Li Shudong, Jiang Xiao, Shen Yuan, Stayman J Webster
Electronic Engineering Department at Tsinghua University, Beijing, 100084, China.
Biomedical Engineering Department at Johns Hopkins University, baltimore, MD, 21219, USA.
Conf Proc Int Conf Image Form Xray Comput Tomogr. 2024 Aug;2024:30-33.
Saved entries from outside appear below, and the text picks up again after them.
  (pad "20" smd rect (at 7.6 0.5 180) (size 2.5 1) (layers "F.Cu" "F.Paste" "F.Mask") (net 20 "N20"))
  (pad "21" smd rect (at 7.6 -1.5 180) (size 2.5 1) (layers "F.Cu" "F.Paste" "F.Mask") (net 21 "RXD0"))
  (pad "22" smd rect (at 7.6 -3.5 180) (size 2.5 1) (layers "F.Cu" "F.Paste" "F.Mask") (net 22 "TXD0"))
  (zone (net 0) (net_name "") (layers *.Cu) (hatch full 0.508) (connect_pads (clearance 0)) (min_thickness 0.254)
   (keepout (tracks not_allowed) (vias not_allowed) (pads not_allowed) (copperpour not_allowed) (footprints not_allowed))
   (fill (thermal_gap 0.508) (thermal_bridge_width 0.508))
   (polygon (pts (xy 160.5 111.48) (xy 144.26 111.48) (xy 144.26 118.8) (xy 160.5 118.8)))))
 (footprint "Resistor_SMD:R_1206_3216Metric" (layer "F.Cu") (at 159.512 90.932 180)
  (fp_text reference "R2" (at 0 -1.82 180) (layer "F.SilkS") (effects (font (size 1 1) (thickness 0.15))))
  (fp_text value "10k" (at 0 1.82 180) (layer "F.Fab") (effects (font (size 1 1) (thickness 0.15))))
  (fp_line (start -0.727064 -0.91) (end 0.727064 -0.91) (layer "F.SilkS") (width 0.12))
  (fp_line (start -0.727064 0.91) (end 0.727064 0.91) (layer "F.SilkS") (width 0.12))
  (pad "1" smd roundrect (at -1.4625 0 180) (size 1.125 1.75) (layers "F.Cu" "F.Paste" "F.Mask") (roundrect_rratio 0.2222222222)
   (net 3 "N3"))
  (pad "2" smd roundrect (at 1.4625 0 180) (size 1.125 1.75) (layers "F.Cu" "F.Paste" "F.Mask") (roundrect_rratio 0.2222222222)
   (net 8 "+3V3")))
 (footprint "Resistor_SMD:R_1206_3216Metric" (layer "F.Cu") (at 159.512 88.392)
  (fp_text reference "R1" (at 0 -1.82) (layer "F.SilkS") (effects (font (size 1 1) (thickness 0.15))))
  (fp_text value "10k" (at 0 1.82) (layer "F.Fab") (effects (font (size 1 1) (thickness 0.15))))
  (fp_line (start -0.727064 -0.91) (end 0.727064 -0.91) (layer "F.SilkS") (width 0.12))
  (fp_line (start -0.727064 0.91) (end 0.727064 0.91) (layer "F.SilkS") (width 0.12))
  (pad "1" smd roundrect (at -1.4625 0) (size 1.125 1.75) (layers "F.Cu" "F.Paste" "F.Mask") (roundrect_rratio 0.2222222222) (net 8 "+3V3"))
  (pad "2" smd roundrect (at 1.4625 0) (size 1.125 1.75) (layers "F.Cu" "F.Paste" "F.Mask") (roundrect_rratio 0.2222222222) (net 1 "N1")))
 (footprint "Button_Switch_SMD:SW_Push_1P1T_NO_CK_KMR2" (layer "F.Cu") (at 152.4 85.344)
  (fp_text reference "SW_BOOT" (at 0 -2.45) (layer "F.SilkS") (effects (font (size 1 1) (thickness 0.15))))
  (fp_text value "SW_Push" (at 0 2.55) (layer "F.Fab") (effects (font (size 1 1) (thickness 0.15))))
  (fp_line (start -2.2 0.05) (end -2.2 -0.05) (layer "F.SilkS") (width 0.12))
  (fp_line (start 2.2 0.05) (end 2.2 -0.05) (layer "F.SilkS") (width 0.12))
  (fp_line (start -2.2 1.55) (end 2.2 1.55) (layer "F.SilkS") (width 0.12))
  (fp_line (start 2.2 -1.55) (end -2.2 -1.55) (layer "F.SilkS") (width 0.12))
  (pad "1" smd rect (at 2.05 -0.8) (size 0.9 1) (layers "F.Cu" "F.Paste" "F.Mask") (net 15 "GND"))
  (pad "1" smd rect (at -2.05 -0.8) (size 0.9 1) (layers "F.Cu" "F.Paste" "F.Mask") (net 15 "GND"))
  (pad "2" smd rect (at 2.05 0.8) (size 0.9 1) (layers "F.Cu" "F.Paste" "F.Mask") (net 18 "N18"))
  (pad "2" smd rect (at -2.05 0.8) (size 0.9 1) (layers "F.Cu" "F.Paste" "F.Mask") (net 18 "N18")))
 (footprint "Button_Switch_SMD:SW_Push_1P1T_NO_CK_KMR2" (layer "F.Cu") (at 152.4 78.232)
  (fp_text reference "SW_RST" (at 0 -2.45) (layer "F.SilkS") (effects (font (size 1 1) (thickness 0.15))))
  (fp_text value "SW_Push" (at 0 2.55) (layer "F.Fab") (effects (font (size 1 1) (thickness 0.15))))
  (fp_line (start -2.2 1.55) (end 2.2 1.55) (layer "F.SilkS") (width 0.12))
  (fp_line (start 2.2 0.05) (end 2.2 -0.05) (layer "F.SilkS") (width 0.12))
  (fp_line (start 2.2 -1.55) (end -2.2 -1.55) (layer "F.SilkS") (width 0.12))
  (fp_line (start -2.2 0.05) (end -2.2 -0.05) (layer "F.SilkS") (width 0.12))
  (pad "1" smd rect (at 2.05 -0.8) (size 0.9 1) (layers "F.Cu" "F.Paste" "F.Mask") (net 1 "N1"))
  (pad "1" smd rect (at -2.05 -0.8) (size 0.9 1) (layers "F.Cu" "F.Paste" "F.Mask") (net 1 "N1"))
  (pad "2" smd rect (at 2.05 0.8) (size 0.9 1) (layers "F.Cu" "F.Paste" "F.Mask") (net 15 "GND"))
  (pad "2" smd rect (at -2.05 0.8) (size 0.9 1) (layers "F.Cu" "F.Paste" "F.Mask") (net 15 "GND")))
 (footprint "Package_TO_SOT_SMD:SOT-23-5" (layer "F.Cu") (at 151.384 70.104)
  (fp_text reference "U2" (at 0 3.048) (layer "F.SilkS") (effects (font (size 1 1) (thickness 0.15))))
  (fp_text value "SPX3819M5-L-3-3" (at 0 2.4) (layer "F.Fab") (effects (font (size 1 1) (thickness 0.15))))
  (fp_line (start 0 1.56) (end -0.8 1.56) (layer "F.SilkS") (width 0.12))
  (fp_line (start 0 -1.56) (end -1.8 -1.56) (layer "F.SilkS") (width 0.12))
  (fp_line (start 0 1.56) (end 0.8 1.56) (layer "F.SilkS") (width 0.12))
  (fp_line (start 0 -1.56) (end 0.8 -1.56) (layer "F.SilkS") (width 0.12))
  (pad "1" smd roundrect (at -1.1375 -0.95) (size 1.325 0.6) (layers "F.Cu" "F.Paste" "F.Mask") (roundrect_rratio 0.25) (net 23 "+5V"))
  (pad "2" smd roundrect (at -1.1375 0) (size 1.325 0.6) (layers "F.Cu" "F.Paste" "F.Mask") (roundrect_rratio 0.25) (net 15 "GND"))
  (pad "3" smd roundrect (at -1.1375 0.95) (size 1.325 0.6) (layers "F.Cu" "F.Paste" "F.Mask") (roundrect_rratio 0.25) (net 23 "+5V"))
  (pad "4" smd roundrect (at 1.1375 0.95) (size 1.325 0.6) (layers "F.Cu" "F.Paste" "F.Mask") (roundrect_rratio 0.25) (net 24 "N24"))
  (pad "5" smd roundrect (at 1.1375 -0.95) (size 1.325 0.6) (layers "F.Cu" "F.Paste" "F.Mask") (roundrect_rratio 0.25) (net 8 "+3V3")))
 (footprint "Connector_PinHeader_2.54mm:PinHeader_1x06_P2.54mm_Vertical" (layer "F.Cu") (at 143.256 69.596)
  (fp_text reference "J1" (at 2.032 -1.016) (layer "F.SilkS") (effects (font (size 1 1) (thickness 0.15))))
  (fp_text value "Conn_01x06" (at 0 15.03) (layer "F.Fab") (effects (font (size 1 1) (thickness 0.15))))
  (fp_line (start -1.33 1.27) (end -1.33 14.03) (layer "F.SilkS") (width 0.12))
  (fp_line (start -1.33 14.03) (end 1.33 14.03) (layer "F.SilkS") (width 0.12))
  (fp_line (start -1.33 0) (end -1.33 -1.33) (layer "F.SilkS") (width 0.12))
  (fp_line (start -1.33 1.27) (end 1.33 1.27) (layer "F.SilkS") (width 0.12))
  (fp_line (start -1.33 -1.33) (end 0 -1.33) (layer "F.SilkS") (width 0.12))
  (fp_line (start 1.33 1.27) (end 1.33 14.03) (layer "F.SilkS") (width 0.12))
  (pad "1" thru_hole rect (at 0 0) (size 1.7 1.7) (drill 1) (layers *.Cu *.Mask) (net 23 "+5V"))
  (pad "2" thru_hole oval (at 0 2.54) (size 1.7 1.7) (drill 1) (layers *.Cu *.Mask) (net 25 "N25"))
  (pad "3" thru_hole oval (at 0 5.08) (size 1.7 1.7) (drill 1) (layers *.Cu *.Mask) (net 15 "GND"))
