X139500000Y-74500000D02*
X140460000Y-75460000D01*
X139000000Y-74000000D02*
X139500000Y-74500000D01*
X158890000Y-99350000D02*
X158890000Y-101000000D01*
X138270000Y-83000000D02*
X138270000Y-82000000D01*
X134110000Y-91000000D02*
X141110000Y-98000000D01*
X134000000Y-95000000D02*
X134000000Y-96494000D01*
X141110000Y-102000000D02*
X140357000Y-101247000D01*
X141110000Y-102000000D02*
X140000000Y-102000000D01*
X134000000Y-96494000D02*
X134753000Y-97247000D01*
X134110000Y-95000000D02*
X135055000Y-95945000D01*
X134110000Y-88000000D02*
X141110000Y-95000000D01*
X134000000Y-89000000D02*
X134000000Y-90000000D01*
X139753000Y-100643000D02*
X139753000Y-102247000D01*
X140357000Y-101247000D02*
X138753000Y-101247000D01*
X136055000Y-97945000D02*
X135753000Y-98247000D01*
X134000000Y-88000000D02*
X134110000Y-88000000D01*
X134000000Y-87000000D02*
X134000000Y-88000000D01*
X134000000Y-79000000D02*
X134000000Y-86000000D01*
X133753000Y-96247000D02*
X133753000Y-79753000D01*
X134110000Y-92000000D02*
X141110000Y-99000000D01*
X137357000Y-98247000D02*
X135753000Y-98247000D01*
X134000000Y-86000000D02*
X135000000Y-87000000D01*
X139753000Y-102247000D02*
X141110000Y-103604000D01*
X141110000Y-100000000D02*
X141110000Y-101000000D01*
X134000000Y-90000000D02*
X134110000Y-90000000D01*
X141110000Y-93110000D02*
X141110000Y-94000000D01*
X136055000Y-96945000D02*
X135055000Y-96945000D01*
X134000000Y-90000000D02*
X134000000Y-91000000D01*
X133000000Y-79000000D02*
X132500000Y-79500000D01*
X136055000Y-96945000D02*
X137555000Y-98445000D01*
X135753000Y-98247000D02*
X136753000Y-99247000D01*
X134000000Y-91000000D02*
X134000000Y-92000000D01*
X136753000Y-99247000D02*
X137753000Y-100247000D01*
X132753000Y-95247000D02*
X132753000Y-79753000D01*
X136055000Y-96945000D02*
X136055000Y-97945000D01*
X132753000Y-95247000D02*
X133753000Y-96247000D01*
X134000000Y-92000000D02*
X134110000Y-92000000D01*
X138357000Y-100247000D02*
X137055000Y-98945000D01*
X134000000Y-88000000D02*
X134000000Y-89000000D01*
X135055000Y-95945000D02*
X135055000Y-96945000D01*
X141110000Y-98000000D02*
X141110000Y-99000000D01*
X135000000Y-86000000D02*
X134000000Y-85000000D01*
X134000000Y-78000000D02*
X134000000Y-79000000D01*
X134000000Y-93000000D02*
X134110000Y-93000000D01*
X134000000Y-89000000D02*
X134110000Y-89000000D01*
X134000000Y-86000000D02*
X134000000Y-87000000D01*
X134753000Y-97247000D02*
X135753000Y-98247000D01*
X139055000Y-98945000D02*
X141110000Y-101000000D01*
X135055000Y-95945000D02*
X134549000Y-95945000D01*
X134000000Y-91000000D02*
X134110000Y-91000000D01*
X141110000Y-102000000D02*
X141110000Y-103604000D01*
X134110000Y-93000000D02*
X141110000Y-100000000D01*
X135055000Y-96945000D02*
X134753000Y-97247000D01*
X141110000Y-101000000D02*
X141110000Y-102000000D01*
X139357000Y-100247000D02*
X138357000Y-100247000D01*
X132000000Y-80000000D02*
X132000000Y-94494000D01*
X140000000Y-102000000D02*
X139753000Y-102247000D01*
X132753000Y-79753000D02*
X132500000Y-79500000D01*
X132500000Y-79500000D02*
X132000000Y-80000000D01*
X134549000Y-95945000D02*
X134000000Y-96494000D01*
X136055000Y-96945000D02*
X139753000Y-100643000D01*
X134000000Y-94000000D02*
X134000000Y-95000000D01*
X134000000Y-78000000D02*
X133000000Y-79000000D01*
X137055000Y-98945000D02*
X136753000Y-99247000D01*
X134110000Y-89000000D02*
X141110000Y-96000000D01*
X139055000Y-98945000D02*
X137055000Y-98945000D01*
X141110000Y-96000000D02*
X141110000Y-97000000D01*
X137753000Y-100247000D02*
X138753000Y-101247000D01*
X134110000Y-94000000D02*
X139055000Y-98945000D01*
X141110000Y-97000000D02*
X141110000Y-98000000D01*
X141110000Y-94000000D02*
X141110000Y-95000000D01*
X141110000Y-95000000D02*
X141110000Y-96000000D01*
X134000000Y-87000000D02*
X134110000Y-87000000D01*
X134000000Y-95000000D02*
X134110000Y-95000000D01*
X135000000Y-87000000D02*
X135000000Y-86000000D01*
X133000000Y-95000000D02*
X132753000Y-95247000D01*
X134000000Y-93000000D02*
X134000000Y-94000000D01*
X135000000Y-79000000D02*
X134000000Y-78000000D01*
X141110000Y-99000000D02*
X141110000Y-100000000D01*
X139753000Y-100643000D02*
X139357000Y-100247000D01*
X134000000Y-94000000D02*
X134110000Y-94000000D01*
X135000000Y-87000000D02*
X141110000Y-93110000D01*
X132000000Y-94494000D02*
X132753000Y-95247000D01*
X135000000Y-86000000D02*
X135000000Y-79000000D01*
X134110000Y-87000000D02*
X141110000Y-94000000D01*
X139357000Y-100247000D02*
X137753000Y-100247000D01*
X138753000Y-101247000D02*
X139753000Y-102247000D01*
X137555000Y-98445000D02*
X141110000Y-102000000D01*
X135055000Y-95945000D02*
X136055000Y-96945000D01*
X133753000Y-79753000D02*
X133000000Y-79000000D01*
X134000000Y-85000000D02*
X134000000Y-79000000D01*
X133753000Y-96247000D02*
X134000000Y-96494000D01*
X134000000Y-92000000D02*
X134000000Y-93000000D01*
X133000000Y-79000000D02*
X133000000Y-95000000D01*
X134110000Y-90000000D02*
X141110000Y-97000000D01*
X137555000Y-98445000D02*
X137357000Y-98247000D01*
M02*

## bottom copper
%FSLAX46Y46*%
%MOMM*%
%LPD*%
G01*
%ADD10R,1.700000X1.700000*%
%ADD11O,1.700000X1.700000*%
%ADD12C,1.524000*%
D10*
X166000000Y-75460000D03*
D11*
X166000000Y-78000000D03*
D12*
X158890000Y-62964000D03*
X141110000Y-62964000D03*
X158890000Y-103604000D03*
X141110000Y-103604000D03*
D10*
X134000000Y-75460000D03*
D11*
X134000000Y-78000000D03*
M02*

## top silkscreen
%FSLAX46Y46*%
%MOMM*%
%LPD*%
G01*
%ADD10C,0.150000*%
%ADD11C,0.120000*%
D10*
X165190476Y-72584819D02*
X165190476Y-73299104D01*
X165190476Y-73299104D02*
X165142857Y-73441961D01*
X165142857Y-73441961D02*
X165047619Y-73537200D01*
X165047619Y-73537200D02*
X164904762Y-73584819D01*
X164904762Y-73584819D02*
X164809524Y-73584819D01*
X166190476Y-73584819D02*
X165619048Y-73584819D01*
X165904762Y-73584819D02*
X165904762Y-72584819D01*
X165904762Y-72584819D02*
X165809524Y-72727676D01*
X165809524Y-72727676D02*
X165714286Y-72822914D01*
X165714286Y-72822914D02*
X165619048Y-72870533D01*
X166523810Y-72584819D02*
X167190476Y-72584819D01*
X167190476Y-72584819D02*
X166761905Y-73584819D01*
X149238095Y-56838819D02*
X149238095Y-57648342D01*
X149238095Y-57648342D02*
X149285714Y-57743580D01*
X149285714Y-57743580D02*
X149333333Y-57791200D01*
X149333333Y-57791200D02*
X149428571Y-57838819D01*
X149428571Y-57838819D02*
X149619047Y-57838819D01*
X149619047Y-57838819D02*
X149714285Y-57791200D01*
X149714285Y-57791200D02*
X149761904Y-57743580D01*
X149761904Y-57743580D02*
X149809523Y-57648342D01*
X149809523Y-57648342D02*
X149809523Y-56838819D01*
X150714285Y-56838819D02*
There has been a great deal of work seeking to improve image quality in CT reconstruction through deep-learning-based denoising; however, there are many applications where it is spatial resolution that limits application and diagnostics. In this work, we week to improve spatial resolution in CT reconstructions through a combination of deep learning and physical modeling of detector blur. To achieve this goal, we leverage diffusion models as deep image priors to help regularize a joint deblurring and reconstruction problem. Specifically, we adopt Diffusion Posterior Sampling (DPS) as a way to combine a deep prior with a likelihood-based forward model for the measurements. The model we adopt is nonlinear since detector blur is applied after the nonlinear attenuation given by the Beer-Lambert lab. We trained a score estimator for a CT score-based prior, and then apply Bayes rule to combine this prior with a measurement likelihood score for CT reconstruction with detector blur. We demonstrate the approach in simulated data, and compare image outputs with traditional filtered-backprojection (FBP) and model-based iterative reconstruction (MBIR) across a range of exposures. We find a particular advantage of the DPS approach for low exposure data and report on major differences in the errors between DPS and classical reconstruction methods.
已经有大量工作致力于通过基于深度学习的去噪来提高CT重建中的图像质量;然而,在许多应用中,限制应用和诊断的是空间分辨率。在这项工作中,我们试图通过深度学习与探测器模糊的物理建模相结合来提高CT重建中的空间分辨率。为了实现这一目标,我们利用扩散模型作为深度图像先验,以帮助正则化联合去模糊和重建问题。具体来说,我们采用扩散后验采样(DPS)作为将深度先验与基于似然的测量前向模型相结合的方法。我们采用的模型是非线性的,因为探测器模糊是在由比尔-朗伯定律给出的非线性衰减之后应用的。我们为基于CT分数的先验训练了一个分数估计器,然后应用贝叶斯规则将这个先验与用于有探测器模糊的CT重建的测量似然分数相结合。我们在模拟数据中展示了该方法,并在一系列曝光条件下将图像输出与传统的滤波反投影(FBP)和基于模型的迭代重建(MBIR)进行了比较。我们发现DPS方法在低曝光数据方面具有特别的优势,并报告了DPS与经典重建方法之间误差的主要差异。